Records provided ▸
_____

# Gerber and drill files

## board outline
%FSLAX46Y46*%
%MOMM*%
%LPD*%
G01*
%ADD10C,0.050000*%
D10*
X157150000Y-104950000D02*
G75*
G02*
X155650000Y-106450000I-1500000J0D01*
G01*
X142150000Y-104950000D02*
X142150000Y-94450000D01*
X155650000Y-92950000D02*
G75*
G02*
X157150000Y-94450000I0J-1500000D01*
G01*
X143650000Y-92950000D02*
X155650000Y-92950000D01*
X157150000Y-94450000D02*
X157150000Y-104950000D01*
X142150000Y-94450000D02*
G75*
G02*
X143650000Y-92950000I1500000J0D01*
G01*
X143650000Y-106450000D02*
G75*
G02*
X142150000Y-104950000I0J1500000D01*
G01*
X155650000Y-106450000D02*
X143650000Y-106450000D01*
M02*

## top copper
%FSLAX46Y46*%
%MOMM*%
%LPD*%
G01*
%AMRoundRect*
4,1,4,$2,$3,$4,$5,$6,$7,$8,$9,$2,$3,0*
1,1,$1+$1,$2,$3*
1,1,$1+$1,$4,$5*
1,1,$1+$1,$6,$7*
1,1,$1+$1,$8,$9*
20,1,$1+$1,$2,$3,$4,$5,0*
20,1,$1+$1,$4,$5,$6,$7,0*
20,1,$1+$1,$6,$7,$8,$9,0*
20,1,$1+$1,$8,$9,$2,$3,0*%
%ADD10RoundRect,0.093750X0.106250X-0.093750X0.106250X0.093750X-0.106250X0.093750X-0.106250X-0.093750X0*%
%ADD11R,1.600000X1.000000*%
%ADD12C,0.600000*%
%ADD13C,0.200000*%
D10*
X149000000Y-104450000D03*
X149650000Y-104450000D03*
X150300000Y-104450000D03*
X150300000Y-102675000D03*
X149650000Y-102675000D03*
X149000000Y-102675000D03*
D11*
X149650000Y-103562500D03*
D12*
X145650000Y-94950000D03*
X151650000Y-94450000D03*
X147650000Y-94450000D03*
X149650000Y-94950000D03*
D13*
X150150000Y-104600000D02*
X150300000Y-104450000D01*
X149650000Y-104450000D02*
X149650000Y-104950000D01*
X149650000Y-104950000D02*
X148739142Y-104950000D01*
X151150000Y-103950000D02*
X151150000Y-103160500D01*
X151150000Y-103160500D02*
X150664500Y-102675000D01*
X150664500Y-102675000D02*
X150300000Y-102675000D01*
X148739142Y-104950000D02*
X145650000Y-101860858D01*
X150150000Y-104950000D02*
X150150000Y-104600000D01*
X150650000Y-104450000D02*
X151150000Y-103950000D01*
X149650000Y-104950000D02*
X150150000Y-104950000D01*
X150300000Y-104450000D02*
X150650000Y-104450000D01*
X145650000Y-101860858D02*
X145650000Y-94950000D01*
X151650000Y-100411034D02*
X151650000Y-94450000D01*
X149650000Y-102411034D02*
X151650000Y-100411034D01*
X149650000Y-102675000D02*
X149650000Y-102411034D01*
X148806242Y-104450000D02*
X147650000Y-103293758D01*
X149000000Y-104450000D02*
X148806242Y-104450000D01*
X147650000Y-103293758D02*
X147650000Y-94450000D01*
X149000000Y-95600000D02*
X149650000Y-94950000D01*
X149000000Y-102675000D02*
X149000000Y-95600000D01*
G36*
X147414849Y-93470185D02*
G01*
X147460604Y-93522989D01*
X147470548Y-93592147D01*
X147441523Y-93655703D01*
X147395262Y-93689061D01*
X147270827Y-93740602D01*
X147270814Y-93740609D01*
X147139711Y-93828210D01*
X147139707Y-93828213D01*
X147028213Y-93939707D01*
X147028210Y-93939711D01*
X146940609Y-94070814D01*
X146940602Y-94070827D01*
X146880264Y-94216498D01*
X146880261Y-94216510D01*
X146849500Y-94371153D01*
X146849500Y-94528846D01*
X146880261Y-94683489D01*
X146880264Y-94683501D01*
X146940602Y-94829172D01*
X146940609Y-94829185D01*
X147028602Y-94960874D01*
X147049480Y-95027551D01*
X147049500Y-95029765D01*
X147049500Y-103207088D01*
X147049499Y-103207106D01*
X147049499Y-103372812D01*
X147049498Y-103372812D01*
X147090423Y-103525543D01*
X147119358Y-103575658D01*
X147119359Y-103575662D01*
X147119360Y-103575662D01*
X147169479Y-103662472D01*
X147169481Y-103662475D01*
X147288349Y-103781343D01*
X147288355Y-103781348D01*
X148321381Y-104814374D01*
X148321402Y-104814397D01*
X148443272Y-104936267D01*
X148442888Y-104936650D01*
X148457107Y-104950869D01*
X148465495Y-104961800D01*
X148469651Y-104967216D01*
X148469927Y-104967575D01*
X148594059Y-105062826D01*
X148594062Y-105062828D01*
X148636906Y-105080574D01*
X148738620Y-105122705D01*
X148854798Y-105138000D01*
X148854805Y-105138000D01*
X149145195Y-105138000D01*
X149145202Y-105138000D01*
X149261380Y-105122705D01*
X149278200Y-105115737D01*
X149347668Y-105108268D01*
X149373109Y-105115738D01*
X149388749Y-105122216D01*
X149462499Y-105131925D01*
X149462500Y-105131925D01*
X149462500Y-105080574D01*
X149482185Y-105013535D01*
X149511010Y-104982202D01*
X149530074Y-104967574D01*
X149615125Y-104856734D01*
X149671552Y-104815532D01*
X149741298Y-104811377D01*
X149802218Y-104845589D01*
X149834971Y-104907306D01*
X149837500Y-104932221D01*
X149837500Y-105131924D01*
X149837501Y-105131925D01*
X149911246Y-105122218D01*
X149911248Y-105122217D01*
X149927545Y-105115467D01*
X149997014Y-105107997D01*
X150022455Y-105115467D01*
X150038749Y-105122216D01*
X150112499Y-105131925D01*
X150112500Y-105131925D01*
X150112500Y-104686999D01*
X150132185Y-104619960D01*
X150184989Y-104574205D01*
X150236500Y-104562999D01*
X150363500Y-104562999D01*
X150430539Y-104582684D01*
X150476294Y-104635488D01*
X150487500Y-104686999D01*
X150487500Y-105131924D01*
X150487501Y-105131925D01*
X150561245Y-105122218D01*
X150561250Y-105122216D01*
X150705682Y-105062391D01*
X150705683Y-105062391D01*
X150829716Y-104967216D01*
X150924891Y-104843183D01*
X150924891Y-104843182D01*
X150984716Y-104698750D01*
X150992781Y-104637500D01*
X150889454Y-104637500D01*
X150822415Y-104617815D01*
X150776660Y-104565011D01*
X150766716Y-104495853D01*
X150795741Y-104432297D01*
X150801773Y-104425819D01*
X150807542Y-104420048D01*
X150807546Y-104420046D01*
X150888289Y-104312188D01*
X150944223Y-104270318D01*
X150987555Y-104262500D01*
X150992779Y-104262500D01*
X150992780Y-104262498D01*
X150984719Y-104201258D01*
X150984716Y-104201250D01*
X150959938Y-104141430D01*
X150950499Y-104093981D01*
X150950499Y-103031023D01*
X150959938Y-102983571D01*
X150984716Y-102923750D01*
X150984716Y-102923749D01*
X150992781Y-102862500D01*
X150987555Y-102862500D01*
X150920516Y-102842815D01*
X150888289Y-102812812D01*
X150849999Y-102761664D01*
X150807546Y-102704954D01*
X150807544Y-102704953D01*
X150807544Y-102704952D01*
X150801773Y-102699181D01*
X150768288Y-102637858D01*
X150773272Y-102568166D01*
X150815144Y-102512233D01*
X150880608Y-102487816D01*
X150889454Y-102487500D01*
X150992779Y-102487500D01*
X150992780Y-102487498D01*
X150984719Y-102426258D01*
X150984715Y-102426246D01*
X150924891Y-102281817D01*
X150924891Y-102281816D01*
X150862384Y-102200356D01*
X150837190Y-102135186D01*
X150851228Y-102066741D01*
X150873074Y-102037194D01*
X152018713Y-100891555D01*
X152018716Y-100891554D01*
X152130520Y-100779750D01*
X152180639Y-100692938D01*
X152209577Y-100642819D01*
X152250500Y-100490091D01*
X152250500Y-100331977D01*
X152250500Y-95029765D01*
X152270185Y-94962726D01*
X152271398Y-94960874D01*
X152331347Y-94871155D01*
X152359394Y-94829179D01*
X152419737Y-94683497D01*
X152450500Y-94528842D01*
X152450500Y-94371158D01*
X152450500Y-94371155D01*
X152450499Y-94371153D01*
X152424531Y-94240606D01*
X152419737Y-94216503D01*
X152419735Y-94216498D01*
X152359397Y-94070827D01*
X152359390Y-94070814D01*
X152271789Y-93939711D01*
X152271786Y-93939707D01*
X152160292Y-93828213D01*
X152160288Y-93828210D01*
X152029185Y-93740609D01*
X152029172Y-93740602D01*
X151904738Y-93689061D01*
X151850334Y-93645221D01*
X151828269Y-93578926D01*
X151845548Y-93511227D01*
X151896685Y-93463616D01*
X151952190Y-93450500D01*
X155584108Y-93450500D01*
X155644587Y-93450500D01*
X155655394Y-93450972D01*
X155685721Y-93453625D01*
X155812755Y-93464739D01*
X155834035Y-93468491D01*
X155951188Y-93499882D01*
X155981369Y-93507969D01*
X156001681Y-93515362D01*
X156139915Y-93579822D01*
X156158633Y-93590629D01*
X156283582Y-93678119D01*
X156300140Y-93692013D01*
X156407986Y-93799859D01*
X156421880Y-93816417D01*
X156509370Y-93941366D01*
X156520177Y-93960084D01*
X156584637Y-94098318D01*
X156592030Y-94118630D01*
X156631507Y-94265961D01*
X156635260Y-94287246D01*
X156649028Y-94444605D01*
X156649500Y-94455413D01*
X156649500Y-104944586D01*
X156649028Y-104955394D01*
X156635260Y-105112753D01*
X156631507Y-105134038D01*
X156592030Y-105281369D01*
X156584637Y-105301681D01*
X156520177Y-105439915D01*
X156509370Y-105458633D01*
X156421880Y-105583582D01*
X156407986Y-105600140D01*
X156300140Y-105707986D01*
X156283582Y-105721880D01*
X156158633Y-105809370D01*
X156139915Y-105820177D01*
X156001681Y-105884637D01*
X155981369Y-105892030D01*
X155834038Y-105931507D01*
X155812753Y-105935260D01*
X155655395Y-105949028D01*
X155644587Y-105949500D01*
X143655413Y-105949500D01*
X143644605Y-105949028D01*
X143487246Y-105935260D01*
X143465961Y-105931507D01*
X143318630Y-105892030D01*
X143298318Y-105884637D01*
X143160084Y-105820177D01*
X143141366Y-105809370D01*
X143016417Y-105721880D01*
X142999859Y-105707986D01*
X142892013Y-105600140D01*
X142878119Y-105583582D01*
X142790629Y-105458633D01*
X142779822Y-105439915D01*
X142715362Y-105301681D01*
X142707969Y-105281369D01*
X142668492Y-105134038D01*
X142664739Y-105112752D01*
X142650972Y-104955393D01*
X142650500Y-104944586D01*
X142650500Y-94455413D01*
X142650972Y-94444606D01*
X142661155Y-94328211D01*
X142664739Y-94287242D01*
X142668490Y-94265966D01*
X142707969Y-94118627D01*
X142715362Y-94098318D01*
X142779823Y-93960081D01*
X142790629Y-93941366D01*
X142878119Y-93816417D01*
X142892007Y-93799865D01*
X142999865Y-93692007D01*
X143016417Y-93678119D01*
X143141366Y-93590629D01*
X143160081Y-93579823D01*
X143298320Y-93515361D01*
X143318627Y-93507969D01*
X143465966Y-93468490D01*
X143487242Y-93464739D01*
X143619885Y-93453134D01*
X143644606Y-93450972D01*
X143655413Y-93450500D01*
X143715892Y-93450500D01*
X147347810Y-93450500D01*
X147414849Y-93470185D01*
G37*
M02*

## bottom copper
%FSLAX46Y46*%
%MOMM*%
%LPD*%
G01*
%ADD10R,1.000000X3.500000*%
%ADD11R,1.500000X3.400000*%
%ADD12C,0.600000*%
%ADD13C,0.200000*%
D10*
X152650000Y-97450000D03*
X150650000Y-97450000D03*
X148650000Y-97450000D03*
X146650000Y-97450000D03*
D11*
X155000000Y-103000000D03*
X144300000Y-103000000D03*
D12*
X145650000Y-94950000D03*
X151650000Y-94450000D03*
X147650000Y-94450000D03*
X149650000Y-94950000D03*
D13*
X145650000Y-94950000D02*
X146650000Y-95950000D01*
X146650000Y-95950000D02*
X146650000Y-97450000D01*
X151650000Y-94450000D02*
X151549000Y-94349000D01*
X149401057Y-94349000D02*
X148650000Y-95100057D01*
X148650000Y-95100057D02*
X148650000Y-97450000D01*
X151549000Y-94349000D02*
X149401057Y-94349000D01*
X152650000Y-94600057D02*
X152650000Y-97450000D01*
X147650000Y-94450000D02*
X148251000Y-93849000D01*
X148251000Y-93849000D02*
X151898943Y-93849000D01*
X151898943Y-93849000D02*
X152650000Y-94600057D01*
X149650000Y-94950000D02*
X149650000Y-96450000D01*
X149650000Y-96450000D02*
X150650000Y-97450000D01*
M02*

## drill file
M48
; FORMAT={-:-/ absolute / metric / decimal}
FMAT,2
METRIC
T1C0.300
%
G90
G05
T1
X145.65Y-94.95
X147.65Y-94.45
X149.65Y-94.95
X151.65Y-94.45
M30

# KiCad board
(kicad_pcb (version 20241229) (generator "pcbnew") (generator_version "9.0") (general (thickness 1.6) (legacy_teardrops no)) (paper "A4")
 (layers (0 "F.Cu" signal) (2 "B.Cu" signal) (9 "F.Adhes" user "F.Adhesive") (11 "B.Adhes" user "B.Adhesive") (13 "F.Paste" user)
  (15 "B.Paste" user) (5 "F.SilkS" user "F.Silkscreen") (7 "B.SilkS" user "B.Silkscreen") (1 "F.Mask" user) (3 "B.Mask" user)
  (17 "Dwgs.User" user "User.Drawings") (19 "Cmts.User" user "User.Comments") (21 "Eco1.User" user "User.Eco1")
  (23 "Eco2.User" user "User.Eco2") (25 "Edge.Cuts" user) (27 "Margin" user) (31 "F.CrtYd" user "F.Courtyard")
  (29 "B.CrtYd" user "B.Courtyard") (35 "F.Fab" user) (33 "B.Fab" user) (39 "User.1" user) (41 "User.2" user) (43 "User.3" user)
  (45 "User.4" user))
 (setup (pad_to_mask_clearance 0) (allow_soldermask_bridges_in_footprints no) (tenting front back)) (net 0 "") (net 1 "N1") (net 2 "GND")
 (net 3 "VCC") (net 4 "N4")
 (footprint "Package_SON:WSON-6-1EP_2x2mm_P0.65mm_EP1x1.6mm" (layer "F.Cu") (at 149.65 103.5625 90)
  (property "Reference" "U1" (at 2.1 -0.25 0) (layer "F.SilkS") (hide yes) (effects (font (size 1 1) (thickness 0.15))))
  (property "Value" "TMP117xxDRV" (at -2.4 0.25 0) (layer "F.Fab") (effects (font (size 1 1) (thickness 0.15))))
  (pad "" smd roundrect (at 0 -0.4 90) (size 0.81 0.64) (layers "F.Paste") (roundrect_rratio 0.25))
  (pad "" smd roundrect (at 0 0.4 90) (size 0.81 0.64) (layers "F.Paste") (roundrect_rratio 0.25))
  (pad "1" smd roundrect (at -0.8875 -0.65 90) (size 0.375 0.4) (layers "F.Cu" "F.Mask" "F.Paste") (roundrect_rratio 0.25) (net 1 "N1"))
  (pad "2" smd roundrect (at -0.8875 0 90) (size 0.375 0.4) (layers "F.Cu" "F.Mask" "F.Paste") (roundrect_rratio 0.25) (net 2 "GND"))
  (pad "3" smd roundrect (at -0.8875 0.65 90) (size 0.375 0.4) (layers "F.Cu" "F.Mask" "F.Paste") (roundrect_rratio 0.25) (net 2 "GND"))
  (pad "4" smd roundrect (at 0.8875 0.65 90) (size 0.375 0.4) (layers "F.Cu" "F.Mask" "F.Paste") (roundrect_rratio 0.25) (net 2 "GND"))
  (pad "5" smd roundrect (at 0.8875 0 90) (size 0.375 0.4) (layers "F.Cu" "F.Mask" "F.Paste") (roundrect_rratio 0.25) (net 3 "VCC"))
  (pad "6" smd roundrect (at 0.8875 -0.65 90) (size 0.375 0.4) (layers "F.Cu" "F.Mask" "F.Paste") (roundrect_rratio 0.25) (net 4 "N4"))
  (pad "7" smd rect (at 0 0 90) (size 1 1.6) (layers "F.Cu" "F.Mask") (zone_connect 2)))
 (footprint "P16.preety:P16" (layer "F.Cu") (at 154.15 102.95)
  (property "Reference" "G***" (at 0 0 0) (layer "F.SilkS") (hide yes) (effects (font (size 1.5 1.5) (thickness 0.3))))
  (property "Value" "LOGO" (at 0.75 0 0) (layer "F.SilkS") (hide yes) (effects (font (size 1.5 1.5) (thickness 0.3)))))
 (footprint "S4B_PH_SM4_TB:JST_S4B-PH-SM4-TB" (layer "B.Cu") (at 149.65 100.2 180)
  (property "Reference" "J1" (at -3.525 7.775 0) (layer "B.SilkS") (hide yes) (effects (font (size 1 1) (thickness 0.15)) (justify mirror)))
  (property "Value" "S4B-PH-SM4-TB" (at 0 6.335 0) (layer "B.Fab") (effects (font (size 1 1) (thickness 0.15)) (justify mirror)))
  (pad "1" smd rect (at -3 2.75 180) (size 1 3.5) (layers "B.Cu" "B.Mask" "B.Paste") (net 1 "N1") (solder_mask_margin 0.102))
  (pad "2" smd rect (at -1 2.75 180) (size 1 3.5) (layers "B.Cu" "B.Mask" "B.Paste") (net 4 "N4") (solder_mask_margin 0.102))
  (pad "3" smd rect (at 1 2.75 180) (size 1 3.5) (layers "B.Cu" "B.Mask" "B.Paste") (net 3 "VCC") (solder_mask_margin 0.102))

_____

Work required ▸
Reproduce, character for character, only the lines of the preceding data that start at the line with "X156139915Y-105820177D01*" and end at the line with "X150650000Y-97450000D03*", both included.

Solution ▸
X156139915Y-105820177D01*
X156001681Y-105884637D01*
X155981369Y-105892030D01*
X155834038Y-105931507D01*
X155812753Y-105935260D01*
X155655395Y-105949028D01*
X155644587Y-105949500D01*
X143655413Y-105949500D01*
X143644605Y-105949028D01*
X143487246Y-105935260D01*
X143465961Y-105931507D01*
X143318630Y-105892030D01*
X143298318Y-105884637D01*
X143160084Y-105820177D01*
X143141366Y-105809370D01*
X143016417Y-105721880D01*
X142999859Y-105707986D01*
X142892013Y-105600140D01*
X142878119Y-105583582D01*
X142790629Y-105458633D01*
X142779822Y-105439915D01*
X142715362Y-105301681D01*
X142707969Y-105281369D01*
X142668492Y-105134038D01*
X142664739Y-105112752D01*
X142650972Y-104955393D01*
X142650500Y-104944586D01*
X142650500Y-94455413D01*
X142650972Y-94444606D01*
X142661155Y-94328211D01*
X142664739Y-94287242D01*
X142668490Y-94265966D01*
X142707969Y-94118627D01*
X142715362Y-94098318D01*
X142779823Y-93960081D01*
X142790629Y-93941366D01*
X142878119Y-93816417D01*
X142892007Y-93799865D01*
X142999865Y-93692007D01*
X143016417Y-93678119D01*
X143141366Y-93590629D01*
X143160081Y-93579823D01*
X143298320Y-93515361D01*
X143318627Y-93507969D01*
X143465966Y-93468490D01*
X143487242Y-93464739D01*
X143619885Y-93453134D01*
X143644606Y-93450972D01*
X143655413Y-93450500D01*
X143715892Y-93450500D01*
X147347810Y-93450500D01*
X147414849Y-93470185D01*
G37*
M02*

## bottom copper
%FSLAX46Y46*%
%MOMM*%
%LPD*%
G01*
%ADD10R,1.000000X3.500000*%
%ADD11R,1.500000X3.400000*%
%ADD12C,0.600000*%
%ADD13C,0.200000*%
D10*
X152650000Y-97450000D03*
X150650000Y-97450000D03*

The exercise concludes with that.